Recorded data
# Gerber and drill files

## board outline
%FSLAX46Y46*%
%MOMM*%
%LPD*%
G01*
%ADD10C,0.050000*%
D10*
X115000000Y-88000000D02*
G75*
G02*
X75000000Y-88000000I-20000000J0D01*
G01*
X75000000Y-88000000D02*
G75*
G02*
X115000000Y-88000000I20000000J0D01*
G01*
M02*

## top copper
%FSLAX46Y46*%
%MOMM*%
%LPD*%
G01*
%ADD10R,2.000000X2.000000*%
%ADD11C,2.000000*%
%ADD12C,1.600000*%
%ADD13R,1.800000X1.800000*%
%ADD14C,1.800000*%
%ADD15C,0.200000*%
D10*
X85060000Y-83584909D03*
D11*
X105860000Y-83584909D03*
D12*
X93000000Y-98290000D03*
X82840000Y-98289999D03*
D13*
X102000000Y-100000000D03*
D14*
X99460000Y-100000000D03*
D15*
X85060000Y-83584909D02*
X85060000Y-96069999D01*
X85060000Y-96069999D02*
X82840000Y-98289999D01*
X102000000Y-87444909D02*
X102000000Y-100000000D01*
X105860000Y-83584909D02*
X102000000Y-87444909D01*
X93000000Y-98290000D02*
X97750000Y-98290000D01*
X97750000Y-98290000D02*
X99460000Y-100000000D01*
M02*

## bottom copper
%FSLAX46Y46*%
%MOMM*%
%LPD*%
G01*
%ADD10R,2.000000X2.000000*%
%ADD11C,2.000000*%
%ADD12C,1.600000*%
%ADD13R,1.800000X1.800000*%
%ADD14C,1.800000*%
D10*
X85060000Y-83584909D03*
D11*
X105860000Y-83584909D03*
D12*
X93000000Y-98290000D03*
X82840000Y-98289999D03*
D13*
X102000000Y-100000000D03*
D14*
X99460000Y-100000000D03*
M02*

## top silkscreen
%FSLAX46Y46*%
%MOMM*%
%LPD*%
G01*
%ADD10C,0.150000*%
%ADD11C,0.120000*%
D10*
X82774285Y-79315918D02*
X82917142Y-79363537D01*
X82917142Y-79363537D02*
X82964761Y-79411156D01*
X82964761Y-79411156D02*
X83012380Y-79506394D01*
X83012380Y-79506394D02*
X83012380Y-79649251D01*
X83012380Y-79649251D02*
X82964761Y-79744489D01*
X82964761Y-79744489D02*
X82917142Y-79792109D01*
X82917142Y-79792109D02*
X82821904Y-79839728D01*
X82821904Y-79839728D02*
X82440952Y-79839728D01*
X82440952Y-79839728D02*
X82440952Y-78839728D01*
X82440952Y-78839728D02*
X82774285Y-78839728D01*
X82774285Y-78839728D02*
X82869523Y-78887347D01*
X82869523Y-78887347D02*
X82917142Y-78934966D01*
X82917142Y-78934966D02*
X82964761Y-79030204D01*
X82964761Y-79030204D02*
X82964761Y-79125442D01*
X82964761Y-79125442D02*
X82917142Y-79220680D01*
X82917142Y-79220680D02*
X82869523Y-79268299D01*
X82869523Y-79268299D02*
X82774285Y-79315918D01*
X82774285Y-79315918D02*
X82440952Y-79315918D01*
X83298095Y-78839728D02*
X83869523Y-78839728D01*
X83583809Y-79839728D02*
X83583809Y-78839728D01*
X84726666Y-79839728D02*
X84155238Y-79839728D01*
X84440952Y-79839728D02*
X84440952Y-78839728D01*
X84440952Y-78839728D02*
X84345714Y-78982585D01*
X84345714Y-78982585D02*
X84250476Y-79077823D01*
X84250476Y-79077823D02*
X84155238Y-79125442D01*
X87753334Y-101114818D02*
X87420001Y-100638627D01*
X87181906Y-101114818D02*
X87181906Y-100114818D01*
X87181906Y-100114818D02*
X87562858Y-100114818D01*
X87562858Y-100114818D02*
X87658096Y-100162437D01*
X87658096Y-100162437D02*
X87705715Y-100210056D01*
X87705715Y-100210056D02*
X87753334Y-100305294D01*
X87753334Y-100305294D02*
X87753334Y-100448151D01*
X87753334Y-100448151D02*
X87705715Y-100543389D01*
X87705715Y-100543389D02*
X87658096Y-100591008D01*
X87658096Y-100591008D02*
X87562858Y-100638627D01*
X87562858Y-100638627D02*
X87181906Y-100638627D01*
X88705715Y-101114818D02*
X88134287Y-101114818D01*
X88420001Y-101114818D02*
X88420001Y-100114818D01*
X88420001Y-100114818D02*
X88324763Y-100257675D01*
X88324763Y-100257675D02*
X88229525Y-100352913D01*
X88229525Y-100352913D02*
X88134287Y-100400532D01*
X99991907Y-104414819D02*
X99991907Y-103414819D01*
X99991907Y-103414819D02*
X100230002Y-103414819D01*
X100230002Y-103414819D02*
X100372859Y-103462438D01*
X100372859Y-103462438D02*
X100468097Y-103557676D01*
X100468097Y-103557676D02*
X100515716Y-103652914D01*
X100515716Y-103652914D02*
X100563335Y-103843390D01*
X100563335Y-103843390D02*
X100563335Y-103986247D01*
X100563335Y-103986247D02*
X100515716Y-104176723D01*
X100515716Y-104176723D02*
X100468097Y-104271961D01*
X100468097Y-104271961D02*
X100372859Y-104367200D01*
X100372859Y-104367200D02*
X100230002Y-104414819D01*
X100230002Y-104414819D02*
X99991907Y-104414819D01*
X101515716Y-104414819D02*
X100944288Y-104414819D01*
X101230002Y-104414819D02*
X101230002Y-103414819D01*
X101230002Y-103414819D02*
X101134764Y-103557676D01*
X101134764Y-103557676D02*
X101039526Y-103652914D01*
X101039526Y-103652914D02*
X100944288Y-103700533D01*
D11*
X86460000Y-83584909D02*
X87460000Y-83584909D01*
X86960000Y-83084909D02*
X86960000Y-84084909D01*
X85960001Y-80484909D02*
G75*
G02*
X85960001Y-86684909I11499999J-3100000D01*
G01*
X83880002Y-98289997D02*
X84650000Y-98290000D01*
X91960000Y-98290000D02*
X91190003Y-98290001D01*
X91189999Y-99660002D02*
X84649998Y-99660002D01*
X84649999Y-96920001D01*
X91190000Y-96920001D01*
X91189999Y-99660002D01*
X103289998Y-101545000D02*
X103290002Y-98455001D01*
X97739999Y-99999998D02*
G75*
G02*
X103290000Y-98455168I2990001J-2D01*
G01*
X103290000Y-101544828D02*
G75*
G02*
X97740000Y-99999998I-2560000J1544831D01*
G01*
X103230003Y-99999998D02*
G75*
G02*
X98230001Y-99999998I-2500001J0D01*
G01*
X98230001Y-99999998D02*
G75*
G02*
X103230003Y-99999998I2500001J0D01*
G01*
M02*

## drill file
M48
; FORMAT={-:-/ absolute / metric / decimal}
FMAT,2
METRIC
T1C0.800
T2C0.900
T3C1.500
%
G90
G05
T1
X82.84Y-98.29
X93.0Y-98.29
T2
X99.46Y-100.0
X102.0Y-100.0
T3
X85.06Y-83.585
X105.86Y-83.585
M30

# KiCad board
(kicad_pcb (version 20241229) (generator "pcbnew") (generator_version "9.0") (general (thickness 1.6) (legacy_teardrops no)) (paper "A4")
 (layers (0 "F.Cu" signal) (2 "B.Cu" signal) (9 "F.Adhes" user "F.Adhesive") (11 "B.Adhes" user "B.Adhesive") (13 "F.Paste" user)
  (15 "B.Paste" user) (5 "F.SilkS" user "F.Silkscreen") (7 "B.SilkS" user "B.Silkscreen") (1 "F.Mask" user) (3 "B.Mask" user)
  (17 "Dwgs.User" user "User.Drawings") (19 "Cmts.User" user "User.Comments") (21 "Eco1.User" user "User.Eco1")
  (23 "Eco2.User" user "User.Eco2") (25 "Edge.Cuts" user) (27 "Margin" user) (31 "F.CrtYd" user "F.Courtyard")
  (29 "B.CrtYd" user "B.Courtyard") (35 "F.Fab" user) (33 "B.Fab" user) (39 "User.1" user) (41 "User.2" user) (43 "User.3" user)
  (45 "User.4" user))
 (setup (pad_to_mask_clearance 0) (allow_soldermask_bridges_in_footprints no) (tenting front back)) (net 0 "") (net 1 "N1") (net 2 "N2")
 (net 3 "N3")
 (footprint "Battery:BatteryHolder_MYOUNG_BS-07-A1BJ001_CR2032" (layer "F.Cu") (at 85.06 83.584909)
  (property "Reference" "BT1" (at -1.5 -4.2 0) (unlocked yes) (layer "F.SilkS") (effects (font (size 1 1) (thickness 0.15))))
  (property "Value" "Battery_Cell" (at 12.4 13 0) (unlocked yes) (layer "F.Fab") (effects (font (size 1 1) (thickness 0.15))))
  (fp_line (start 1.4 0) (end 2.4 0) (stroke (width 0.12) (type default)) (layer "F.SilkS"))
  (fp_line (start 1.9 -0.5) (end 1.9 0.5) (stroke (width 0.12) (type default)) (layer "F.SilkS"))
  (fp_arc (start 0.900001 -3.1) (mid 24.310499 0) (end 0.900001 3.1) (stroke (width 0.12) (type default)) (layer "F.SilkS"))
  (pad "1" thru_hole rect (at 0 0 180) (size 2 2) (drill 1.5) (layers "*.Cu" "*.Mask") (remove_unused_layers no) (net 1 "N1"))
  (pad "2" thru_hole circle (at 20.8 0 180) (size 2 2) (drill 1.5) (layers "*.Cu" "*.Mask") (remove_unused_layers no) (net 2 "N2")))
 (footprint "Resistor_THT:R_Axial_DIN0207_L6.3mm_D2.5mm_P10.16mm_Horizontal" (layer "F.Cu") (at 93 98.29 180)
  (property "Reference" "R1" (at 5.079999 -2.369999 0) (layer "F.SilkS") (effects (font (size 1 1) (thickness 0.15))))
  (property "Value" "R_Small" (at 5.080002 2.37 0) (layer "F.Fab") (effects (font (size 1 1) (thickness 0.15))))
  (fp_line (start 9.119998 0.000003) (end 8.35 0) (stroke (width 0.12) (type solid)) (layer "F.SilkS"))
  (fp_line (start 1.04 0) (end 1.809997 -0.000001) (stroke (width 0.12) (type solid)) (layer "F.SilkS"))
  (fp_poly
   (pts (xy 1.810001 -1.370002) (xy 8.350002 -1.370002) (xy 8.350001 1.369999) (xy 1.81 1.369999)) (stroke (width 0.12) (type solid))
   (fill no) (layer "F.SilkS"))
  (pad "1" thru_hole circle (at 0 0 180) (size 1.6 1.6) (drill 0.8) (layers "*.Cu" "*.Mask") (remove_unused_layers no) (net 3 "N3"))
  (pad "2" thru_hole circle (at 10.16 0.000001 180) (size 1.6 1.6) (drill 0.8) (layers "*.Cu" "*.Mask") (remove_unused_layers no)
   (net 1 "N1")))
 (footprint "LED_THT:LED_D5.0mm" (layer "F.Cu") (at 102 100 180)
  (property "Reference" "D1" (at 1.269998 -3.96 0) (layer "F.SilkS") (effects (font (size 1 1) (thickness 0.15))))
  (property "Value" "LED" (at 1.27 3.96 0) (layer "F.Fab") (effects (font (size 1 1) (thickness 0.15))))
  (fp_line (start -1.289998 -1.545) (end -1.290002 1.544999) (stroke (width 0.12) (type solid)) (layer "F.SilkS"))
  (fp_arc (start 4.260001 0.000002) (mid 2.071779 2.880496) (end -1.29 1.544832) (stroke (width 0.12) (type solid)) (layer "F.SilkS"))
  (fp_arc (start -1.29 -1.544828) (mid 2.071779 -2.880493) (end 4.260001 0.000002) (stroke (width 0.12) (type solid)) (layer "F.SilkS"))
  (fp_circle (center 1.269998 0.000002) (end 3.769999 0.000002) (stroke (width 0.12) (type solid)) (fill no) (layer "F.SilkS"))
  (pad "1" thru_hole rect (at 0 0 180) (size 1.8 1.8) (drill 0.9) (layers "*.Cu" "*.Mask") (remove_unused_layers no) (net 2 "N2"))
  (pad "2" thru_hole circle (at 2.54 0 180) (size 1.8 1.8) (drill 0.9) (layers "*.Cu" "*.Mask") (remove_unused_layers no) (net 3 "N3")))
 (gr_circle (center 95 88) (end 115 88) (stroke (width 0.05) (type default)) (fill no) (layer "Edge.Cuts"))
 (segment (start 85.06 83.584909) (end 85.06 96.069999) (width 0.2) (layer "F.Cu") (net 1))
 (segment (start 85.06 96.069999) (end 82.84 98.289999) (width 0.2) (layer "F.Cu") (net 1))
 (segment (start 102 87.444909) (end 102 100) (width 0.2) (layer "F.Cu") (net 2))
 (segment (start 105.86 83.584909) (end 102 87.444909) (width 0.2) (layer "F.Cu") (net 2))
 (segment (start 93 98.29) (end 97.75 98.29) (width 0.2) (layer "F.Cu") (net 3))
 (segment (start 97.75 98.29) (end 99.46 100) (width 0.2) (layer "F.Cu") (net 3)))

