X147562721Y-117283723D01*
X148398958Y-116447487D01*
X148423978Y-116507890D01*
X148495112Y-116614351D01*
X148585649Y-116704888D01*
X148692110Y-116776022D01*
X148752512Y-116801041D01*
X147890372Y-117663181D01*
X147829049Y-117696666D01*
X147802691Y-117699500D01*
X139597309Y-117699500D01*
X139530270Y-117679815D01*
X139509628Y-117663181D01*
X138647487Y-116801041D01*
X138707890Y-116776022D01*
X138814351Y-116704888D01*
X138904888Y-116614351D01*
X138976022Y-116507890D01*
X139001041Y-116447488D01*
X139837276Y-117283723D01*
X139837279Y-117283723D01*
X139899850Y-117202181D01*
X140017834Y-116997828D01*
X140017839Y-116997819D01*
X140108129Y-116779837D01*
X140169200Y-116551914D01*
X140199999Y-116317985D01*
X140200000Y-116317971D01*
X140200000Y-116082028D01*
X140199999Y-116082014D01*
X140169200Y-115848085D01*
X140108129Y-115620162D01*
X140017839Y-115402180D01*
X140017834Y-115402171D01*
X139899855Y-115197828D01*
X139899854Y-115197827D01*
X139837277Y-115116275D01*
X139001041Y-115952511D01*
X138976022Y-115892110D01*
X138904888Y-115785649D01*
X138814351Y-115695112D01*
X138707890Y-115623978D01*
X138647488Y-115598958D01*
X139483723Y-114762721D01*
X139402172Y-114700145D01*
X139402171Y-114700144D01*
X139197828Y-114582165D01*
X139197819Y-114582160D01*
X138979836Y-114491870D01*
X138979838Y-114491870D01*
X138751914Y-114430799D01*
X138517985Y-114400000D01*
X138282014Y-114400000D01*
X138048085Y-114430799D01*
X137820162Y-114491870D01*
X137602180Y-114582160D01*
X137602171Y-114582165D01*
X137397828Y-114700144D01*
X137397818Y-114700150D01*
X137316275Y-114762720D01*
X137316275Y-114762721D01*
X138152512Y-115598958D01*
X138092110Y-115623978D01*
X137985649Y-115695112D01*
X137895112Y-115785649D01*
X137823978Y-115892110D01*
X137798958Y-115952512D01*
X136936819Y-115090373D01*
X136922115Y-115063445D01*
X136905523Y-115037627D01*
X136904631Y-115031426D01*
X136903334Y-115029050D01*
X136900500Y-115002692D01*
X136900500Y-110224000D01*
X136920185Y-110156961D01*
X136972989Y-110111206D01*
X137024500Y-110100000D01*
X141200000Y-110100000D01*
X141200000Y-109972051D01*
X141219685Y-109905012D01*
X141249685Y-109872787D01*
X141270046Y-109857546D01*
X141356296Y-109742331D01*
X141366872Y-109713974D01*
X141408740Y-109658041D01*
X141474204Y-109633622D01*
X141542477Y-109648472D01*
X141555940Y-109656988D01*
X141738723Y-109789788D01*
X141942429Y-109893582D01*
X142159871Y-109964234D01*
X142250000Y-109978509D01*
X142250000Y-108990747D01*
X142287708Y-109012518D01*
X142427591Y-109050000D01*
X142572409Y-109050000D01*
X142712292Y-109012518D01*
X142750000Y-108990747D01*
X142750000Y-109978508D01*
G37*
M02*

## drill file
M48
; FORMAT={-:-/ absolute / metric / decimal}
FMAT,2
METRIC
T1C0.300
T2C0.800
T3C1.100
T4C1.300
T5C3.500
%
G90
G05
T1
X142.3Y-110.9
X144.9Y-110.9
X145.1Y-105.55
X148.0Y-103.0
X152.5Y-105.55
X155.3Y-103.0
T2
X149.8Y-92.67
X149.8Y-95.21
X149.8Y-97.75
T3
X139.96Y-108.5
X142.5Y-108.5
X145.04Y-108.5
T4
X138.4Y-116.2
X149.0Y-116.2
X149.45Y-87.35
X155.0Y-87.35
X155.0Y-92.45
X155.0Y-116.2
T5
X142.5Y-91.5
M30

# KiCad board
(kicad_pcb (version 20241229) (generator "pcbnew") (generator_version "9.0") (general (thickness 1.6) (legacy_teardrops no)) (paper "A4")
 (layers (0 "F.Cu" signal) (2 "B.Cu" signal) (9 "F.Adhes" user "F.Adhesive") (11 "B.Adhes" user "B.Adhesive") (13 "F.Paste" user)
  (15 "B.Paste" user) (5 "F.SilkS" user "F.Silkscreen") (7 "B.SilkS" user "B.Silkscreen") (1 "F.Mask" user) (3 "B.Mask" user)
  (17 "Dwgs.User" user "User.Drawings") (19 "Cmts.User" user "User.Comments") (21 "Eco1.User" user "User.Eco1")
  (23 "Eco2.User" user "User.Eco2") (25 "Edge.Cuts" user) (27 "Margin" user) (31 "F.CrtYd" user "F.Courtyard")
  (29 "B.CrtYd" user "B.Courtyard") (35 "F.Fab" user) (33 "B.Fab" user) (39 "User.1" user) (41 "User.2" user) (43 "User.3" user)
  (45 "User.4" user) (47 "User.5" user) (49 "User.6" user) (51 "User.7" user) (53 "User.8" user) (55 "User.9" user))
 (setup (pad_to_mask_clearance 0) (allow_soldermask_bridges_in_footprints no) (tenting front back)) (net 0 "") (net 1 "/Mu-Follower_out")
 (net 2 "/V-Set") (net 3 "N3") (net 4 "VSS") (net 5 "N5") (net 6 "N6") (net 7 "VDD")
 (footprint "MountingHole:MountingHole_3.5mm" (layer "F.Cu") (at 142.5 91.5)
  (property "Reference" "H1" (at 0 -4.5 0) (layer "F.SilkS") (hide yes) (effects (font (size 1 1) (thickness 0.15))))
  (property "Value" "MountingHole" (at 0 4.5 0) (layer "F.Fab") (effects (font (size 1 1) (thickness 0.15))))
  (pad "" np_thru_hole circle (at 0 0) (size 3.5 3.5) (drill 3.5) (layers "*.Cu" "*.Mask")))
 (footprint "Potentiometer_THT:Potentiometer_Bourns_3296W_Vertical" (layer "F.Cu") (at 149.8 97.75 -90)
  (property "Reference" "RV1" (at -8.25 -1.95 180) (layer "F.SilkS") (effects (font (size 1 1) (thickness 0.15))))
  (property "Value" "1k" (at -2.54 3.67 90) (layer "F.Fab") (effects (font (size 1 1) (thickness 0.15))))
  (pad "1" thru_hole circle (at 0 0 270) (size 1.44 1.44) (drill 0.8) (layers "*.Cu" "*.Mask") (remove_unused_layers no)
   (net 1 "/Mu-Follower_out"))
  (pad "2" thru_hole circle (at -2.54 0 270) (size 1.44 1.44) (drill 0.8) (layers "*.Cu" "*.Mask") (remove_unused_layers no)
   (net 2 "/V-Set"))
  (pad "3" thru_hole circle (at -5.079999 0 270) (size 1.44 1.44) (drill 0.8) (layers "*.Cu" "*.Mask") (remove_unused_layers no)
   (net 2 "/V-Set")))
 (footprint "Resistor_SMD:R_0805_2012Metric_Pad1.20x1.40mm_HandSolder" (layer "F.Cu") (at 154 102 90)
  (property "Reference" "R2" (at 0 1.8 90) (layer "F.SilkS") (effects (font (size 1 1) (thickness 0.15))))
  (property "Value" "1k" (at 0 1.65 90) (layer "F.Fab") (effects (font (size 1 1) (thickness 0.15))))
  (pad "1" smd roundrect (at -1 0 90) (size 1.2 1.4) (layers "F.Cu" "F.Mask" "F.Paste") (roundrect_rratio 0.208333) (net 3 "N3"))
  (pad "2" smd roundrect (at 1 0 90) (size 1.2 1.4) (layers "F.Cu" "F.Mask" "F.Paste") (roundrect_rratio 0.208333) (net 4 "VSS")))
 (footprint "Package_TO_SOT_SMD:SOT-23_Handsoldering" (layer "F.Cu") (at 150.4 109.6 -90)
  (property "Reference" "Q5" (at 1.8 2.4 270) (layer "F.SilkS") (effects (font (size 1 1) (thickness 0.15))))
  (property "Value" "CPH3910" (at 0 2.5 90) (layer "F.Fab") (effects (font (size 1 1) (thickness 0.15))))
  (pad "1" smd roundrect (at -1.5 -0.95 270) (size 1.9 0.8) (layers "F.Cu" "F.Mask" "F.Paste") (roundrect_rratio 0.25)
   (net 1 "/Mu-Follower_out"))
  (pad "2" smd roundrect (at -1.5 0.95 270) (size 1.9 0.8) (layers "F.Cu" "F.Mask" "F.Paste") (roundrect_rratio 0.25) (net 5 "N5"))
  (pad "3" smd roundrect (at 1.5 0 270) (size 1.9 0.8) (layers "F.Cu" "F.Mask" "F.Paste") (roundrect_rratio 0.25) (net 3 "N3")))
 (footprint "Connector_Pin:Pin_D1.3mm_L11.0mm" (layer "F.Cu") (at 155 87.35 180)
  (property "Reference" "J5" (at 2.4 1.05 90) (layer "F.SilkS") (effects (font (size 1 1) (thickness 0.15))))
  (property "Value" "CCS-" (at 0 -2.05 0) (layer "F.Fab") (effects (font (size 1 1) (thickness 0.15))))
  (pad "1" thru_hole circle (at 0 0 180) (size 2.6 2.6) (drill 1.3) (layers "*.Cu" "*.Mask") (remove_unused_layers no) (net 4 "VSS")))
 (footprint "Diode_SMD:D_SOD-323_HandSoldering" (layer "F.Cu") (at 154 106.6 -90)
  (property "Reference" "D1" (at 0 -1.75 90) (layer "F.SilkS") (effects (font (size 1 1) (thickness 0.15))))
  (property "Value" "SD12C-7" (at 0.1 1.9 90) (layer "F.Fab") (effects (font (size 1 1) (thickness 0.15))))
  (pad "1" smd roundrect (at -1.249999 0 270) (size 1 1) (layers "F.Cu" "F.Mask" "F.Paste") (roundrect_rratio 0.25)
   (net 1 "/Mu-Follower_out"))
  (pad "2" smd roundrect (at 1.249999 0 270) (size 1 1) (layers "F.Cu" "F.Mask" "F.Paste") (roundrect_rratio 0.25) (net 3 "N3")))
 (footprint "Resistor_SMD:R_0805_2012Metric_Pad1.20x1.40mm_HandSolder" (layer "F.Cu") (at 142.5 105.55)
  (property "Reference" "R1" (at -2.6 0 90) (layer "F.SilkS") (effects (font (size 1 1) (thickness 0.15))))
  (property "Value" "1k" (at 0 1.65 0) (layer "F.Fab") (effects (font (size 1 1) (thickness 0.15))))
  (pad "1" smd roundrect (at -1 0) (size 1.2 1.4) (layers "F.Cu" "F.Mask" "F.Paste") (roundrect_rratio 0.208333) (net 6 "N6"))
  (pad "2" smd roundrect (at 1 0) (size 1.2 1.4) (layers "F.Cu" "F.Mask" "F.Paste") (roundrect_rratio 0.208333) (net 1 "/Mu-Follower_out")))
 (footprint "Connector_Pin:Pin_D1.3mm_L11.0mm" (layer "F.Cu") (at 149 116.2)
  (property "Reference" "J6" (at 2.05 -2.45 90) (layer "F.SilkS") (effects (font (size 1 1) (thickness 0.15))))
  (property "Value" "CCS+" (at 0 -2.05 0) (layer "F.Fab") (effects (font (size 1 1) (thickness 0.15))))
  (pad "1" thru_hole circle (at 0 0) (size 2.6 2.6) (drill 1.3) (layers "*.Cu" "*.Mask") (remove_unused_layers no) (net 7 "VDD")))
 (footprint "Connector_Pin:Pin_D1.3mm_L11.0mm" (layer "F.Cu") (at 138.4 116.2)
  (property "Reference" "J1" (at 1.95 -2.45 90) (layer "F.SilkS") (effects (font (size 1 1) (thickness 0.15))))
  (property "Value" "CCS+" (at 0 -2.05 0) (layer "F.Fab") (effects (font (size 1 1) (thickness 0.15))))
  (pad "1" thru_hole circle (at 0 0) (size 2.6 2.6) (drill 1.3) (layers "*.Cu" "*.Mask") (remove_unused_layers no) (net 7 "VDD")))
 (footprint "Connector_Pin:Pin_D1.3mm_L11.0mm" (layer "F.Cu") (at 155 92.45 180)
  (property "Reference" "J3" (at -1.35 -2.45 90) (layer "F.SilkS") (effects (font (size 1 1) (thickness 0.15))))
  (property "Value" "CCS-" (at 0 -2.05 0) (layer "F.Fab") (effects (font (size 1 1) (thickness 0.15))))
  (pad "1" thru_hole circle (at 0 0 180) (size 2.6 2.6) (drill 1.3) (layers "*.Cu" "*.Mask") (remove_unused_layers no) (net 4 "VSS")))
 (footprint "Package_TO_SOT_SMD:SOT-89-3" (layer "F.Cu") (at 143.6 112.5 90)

> REQUIRED ACTION
Copy, exactly and only, the lines above that begin with the one containing "X84345714Y-78982585D02*" and finish with the one containing "X100468097Y-103557676D02*".

> RESPONSE AREA
X84345714Y-78982585D02*
X84250476Y-79077823D01*
X84250476Y-79077823D02*
X84155238Y-79125442D01*
X87753334Y-101114818D02*
X87420001Y-100638627D01*
X87181906Y-101114818D02*
X87181906Y-100114818D01*
X87181906Y-100114818D02*
X87562858Y-100114818D01*
X87562858Y-100114818D02*
X87658096Y-100162437D01*
X87658096Y-100162437D02*
X87705715Y-100210056D01*
X87705715Y-100210056D02*
X87753334Y-100305294D01*
X87753334Y-100305294D02*
X87753334Y-100448151D01*
X87753334Y-100448151D02*
X87705715Y-100543389D01*
X87705715Y-100543389D02*
X87658096Y-100591008D01*
X87658096Y-100591008D02*
X87562858Y-100638627D01*
X87562858Y-100638627D02*
X87181906Y-100638627D01*
X88705715Y-101114818D02*
X88134287Y-101114818D01*
X88420001Y-101114818D02*
X88420001Y-100114818D01*
X88420001Y-100114818D02*
X88324763Y-100257675D01*
X88324763Y-100257675D02*
X88229525Y-100352913D01*
X88229525Y-100352913D02*
X88134287Y-100400532D01*
X99991907Y-104414819D02*
X99991907Y-103414819D01*
X99991907Y-103414819D02*
X100230002Y-103414819D01*
X100230002Y-103414819D02*
X100372859Y-103462438D01*
X100372859Y-103462438D02*
X100468097Y-103557676D01*
X100468097Y-103557676D02*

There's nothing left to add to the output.